One of the highlights I still remember 20+ years later is a poor sod who was pervo@stud for a few hours; luckily we spotted it before he started using the account.
I once built a license code scheme that occasionally generated obscenities in the middle of the code. Once we realized the problem, we had a fun few hours building a blacklist with every obscenity we could think of.
I originally found this list during a few frantic hours after I first created a password cracking homework for my security class. Naturally I'd used the Linux dictionary in /usr/dict/words as the source of the passwords. It only occurred to me much later to check what passwords my script had randomly chosen, and by then the hashes had been distributed to the students. Whoops!
I built a similar system for marketing codes recently, but I wanted to encode a combination of the user ID and some of the details of the mailing so the relevant information could be determined without having to check a database. I just removed letters that could create certain four-letter forms of profanity, and then broke up the code into four-letter blocks using hyphens so I didn't have to worry about obscenities longer than that.
I don't doubt you could still find an obscenity if you were really looking, but I feel comfortable with that level of obscenity prevention. If someone honestly finds a way to be offended by whatever obscenity possibilities are left over, then they could probably find a reason to be offended by almost anything.
This problem could be solved by defining a logical rule (most probably through a regular expression) that would only filter the bad word when present as a single word.
I'm amazed how rarely this simple system is used. Instead you end up with monstrosities such as the power stars chat that mangles most words into unreadable mess of .
When I worked for a company that made label printers we had a potential customer who wanted us to print labels with human readable and barcode fields with 4 random letters and 4 random digits but did not want the letters to spell any obscene words. We asked for a list of words to ban but they declined to provide such a list. We did not get the contract.
Note that the problem of words being misunderstood when lacking context is not limited to computers. My father - a chemistry professor - was at a conference a few years ago about Free Radicals when he was approached by a member of the public who wanted to know if he could participate...
Not quite as funny, but I used to work for a company that had the word microwave in its name - we made radar components and such. We once were approached by someone who wanted us to repair their microwave oven.
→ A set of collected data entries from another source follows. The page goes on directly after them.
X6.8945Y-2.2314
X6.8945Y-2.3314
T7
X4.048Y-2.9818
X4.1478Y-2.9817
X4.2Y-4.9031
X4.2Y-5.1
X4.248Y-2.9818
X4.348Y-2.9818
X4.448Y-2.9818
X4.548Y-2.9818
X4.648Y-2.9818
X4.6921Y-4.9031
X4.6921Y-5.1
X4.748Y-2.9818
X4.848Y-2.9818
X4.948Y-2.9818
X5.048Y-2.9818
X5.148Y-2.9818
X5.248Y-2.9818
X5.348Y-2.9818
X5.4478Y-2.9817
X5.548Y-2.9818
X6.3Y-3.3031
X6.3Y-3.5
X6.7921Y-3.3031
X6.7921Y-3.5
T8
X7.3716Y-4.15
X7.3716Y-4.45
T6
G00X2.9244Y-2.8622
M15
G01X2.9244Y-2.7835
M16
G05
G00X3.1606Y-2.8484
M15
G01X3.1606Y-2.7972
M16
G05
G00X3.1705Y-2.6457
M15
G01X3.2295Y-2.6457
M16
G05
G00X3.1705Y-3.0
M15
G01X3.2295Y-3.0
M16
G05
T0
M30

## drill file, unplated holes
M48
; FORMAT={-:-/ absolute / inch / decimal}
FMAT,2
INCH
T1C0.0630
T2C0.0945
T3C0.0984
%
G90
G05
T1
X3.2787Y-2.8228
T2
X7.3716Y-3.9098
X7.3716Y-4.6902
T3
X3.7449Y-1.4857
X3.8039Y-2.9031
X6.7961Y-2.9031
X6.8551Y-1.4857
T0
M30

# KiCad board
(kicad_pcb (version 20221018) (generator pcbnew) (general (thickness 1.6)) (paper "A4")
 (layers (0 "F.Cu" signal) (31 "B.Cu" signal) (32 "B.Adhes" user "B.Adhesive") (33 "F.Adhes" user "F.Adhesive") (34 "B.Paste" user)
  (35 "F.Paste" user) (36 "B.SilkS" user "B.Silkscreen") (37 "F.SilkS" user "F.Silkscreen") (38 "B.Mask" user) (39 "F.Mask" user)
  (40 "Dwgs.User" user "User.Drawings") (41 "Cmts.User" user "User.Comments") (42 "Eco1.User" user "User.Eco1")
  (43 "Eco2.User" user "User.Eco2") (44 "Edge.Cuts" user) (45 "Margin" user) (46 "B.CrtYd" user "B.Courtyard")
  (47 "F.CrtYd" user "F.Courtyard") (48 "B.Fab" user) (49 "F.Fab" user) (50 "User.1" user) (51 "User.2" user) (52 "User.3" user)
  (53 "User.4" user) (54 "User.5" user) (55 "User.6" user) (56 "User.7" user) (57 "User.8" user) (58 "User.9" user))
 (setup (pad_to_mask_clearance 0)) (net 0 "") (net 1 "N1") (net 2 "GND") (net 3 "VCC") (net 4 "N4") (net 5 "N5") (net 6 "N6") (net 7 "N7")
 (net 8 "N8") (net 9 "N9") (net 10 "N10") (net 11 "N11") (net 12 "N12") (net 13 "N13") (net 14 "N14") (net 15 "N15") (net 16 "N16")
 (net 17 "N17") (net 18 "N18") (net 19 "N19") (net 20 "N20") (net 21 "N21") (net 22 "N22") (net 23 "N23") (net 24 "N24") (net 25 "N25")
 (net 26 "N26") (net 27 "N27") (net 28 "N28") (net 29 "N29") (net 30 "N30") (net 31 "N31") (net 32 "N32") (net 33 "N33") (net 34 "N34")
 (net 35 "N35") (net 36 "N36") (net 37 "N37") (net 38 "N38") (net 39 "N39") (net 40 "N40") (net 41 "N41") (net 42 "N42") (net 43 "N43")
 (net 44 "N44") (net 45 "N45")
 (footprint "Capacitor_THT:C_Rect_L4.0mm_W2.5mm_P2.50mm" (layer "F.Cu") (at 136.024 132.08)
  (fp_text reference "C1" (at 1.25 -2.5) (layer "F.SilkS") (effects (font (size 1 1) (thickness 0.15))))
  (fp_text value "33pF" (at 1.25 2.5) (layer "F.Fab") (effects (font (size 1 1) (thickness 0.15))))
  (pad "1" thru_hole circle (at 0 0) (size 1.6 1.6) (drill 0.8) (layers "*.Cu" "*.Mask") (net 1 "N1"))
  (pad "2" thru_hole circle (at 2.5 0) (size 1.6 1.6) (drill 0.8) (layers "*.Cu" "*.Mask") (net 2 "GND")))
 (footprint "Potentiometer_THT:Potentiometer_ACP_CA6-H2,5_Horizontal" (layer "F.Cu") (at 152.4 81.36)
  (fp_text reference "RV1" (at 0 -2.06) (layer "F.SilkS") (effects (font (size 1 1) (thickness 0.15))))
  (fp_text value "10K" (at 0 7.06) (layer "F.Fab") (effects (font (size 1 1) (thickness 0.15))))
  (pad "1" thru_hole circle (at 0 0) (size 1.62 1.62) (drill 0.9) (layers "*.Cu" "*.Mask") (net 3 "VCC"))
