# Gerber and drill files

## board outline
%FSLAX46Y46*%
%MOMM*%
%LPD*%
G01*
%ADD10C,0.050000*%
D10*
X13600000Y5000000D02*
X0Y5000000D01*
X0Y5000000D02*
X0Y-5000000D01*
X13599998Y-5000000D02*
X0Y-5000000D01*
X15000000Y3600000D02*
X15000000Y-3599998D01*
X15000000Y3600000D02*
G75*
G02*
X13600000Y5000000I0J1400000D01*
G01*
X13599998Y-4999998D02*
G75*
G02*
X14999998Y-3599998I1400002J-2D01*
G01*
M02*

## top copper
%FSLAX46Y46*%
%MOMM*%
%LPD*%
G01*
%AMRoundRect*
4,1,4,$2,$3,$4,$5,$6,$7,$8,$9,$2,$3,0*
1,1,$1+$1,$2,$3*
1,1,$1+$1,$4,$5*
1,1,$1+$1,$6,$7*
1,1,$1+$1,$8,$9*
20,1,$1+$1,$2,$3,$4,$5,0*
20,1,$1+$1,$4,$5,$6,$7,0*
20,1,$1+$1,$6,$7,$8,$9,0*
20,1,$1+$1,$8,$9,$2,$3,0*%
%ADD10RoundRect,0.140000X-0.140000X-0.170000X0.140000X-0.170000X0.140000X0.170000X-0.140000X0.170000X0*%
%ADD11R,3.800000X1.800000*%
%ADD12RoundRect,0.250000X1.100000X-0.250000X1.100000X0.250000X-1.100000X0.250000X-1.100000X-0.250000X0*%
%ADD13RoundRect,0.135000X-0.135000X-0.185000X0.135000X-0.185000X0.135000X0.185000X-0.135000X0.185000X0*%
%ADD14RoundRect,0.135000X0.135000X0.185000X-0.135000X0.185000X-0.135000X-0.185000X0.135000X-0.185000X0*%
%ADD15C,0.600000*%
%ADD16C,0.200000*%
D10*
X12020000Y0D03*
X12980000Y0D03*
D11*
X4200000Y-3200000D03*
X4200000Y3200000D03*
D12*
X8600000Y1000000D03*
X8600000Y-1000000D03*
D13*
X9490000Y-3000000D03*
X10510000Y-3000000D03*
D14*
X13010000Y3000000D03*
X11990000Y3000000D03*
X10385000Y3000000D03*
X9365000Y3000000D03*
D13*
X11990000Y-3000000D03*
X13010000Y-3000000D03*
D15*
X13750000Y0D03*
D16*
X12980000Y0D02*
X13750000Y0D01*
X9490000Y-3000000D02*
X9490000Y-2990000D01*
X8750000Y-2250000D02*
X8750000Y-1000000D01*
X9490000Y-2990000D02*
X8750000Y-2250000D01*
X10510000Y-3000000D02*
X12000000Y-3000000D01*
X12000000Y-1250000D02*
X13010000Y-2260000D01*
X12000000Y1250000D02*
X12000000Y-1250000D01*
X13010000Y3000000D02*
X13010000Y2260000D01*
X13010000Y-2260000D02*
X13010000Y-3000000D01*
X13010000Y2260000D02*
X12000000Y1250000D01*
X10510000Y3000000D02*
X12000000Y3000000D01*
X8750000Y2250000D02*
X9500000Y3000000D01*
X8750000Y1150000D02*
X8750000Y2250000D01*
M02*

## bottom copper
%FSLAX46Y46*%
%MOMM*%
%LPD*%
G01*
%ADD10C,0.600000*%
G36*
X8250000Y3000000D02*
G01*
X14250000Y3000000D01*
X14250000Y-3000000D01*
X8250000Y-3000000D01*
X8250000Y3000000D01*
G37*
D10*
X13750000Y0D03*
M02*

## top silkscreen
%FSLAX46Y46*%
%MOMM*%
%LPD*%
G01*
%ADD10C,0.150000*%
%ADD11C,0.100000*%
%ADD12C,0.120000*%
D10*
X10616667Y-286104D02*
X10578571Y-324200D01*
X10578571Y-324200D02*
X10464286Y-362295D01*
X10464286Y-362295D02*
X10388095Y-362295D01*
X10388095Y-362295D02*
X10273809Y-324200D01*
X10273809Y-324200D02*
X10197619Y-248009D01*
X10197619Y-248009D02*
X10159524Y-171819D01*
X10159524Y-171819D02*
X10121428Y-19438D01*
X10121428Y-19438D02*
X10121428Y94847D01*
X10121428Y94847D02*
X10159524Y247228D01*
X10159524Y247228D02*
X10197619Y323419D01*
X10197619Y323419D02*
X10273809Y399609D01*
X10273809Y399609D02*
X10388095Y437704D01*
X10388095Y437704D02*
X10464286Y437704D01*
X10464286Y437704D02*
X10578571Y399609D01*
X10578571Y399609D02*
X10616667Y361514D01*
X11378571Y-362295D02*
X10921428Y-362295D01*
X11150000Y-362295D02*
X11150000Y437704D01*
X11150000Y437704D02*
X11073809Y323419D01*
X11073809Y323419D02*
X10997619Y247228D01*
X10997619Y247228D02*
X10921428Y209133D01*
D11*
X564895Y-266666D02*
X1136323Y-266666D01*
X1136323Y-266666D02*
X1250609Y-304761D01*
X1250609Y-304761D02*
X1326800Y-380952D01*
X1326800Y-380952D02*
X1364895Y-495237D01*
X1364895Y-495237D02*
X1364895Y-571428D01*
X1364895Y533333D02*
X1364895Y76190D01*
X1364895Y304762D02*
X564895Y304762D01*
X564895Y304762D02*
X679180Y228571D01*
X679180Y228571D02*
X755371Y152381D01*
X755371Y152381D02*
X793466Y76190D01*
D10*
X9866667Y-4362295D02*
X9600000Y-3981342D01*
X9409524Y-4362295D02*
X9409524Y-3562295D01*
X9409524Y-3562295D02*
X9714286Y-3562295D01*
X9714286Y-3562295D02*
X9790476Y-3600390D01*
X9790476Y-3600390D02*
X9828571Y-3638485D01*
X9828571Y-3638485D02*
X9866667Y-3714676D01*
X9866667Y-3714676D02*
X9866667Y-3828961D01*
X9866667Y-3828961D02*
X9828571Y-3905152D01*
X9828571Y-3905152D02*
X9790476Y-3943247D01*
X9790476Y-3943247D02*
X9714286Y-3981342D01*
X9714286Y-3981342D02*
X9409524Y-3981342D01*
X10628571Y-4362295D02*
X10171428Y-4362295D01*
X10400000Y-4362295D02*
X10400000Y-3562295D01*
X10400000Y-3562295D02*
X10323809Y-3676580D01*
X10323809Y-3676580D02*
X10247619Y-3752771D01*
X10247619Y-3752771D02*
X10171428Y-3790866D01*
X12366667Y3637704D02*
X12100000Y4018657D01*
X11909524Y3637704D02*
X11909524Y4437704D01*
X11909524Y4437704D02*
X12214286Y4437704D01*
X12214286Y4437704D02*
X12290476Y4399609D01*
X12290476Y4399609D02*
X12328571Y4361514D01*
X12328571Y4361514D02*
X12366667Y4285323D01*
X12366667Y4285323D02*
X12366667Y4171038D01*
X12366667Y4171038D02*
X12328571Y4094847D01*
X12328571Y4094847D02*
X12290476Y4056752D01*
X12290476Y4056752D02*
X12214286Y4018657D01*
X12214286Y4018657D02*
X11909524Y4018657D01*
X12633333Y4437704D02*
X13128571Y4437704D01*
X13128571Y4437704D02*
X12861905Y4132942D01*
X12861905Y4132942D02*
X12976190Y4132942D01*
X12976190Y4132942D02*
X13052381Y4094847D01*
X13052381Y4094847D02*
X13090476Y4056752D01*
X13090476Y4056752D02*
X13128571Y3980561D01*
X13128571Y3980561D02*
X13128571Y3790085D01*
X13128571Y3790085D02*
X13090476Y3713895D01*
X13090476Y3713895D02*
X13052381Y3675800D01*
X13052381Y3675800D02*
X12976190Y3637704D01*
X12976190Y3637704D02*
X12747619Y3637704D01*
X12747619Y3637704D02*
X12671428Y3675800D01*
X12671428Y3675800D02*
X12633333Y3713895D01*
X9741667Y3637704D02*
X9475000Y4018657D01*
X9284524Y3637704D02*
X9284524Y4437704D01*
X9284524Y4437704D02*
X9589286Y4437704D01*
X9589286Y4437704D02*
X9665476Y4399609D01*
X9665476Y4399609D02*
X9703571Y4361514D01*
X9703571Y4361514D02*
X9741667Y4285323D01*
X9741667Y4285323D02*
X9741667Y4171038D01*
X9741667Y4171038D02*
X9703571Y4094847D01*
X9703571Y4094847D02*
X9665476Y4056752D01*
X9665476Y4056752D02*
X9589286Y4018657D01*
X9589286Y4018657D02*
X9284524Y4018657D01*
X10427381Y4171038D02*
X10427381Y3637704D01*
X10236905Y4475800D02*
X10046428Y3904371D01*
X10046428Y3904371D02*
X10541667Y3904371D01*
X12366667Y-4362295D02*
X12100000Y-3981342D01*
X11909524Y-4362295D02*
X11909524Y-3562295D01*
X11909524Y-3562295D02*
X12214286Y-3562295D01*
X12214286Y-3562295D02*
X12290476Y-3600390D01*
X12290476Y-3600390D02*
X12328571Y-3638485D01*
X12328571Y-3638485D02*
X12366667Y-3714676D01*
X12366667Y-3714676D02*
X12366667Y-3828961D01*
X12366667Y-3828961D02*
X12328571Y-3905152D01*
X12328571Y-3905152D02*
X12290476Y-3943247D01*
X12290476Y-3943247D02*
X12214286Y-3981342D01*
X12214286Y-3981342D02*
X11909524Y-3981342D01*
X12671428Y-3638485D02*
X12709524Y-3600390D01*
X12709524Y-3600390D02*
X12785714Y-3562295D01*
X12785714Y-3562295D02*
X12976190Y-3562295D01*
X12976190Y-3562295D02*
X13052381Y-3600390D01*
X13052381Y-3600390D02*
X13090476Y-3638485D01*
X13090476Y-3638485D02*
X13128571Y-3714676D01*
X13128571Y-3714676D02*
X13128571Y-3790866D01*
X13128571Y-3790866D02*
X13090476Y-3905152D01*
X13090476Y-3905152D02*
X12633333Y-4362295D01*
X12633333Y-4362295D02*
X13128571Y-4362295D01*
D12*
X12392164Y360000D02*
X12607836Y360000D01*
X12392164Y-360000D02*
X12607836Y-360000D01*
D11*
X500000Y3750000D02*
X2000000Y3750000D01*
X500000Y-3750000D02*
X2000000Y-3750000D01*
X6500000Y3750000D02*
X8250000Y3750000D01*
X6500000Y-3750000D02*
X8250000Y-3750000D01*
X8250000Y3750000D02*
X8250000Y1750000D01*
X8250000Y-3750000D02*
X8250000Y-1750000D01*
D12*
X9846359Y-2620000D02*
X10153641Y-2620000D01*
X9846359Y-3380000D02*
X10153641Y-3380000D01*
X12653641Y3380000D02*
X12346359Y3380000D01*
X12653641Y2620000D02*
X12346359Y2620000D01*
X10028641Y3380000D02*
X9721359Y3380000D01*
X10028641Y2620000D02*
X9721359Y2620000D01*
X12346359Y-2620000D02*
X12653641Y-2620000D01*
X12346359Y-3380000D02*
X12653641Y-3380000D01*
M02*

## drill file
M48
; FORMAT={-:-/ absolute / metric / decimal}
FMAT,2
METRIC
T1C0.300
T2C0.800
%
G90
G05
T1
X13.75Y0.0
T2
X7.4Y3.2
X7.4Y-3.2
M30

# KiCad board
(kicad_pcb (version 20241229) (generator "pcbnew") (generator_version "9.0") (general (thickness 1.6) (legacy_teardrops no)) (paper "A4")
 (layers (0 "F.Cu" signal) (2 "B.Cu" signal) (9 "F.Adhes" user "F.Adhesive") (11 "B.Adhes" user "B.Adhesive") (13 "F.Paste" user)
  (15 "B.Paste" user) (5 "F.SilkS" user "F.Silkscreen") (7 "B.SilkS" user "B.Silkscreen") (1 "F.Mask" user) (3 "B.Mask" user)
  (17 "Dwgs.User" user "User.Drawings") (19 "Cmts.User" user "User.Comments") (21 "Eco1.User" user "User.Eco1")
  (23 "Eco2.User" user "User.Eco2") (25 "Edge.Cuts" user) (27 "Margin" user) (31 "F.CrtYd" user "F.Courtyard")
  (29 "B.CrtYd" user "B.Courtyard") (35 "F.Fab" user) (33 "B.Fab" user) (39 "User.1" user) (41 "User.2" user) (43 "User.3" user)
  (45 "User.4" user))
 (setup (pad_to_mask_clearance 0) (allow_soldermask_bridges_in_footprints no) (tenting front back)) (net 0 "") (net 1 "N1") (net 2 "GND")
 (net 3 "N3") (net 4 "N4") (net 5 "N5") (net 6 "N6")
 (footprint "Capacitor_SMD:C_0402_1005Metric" (layer "F.Cu") (at 12.5 0)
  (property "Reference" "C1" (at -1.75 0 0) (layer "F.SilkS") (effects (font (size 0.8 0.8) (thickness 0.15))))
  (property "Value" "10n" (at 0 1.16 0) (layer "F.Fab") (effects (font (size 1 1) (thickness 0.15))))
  (fp_line (start -0.107836 -0.36) (end 0.107836 -0.36) (stroke (width 0.12) (type solid)) (layer "F.SilkS"))
  (fp_line (start -0.107836 0.36) (end 0.107836 0.36) (stroke (width 0.12) (type solid)) (layer "F.SilkS"))
  (pad "1" smd roundrect (at -0.48 0) (size 0.56 0.62) (layers "F.Cu" "F.Mask" "F.Paste") (roundrect_rratio 0.25) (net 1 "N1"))
  (pad "2" smd roundrect (at 0.48 0) (size 0.56 0.62) (layers "F.Cu" "F.Mask" "F.Paste") (roundrect_rratio 0.25) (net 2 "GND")))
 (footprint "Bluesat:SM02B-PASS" (layer "F.Cu") (at 0 0 90)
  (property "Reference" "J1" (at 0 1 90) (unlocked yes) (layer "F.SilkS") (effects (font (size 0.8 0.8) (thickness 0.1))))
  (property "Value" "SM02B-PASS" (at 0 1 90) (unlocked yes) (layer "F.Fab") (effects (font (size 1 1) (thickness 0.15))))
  (fp_line (start 3.75 0.5) (end 3.75 2) (stroke (width 0.1) (type default)) (layer "F.SilkS"))
  (fp_line (start -3.75 0.5) (end -3.75 2) (stroke (width 0.1) (type default)) (layer "F.SilkS"))
  (fp_line (start 3.75 6.5) (end 3.75 8.25) (stroke (width 0.1) (type default)) (layer "F.SilkS"))
  (fp_line (start -3.75 6.5) (end -3.75 8.25) (stroke (width 0.1) (type default)) (layer "F.SilkS"))
  (fp_line (start 3.75 8.25) (end 1.75 8.25) (stroke (width 0.1) (type default)) (layer "F.SilkS"))
  (fp_line (start -3.75 8.25) (end -1.75 8.25) (stroke (width 0.1) (type default)) (layer "F.SilkS"))
  (pad "" smd rect (at -3.2 4.2 90) (size 1.8 3.8) (layers "F.Cu" "F.Mask" "F.Paste") (thermal_bridge_angle 45))
  (pad "" np_thru_hole circle (at -3.2 7.4 90) (size 0.8 0.8) (drill 0.8) (layers "*.Mask"))
  (pad "" smd rect (at 3.2 4.2 90) (size 1.8 3.8) (layers "F.Cu" "F.Mask" "F.Paste") (thermal_bridge_angle 45))
  (pad "" np_thru_hole circle (at 3.2 7.4 90) (size 0.8 0.8) (drill 0.8) (layers "*.Mask"))
  (pad "1" smd roundrect (at 1 8.6 90) (size 1 2.7) (layers "F.Cu" "F.Mask" "F.Paste") (roundrect_rratio 0.25) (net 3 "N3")
   (thermal_bridge_angle 45))
  (pad "2" smd roundrect (at -1 8.6 90) (size 1 2.7) (layers "F.Cu" "F.Mask" "F.Paste") (roundrect_rratio 0.25) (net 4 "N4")
   (thermal_bridge_angle 45)))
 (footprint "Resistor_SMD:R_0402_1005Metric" (layer "F.Cu") (at 10 3)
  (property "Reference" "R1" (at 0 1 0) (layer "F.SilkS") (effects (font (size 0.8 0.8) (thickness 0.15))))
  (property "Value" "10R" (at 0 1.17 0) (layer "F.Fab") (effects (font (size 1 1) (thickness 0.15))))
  (fp_line (start -0.153641 -0.38) (end 0.153641 -0.38) (stroke (width 0.12) (type solid)) (layer "F.SilkS"))
  (fp_line (start -0.153641 0.38) (end 0.153641 0.38) (stroke (width 0.12) (type solid)) (layer "F.SilkS"))
  (pad "1" smd roundrect (at -0.51 0) (size 0.54 0.64) (layers "F.Cu" "F.Mask" "F.Paste") (roundrect_rratio 0.25) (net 4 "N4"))
  (pad "2" smd roundrect (at 0.51 0) (size 0.54 0.64) (layers "F.Cu" "F.Mask" "F.Paste") (roundrect_rratio 0.25) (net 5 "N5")))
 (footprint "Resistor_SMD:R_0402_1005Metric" (layer "F.Cu") (at 12.5 -3 180)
Our building had no obvious sign and didn't look like an appliance repair shop, so I don't know how they found us.
I'm not sure if it's still the case, but it used to not be possible to trade certain Pokémon over the global trade system with their default name due to a filter like this.
I believe Nosepass and Cofagrigus were two of the affected.
And Eudora's Mood Watch feature would flag every single email I sent as offensive.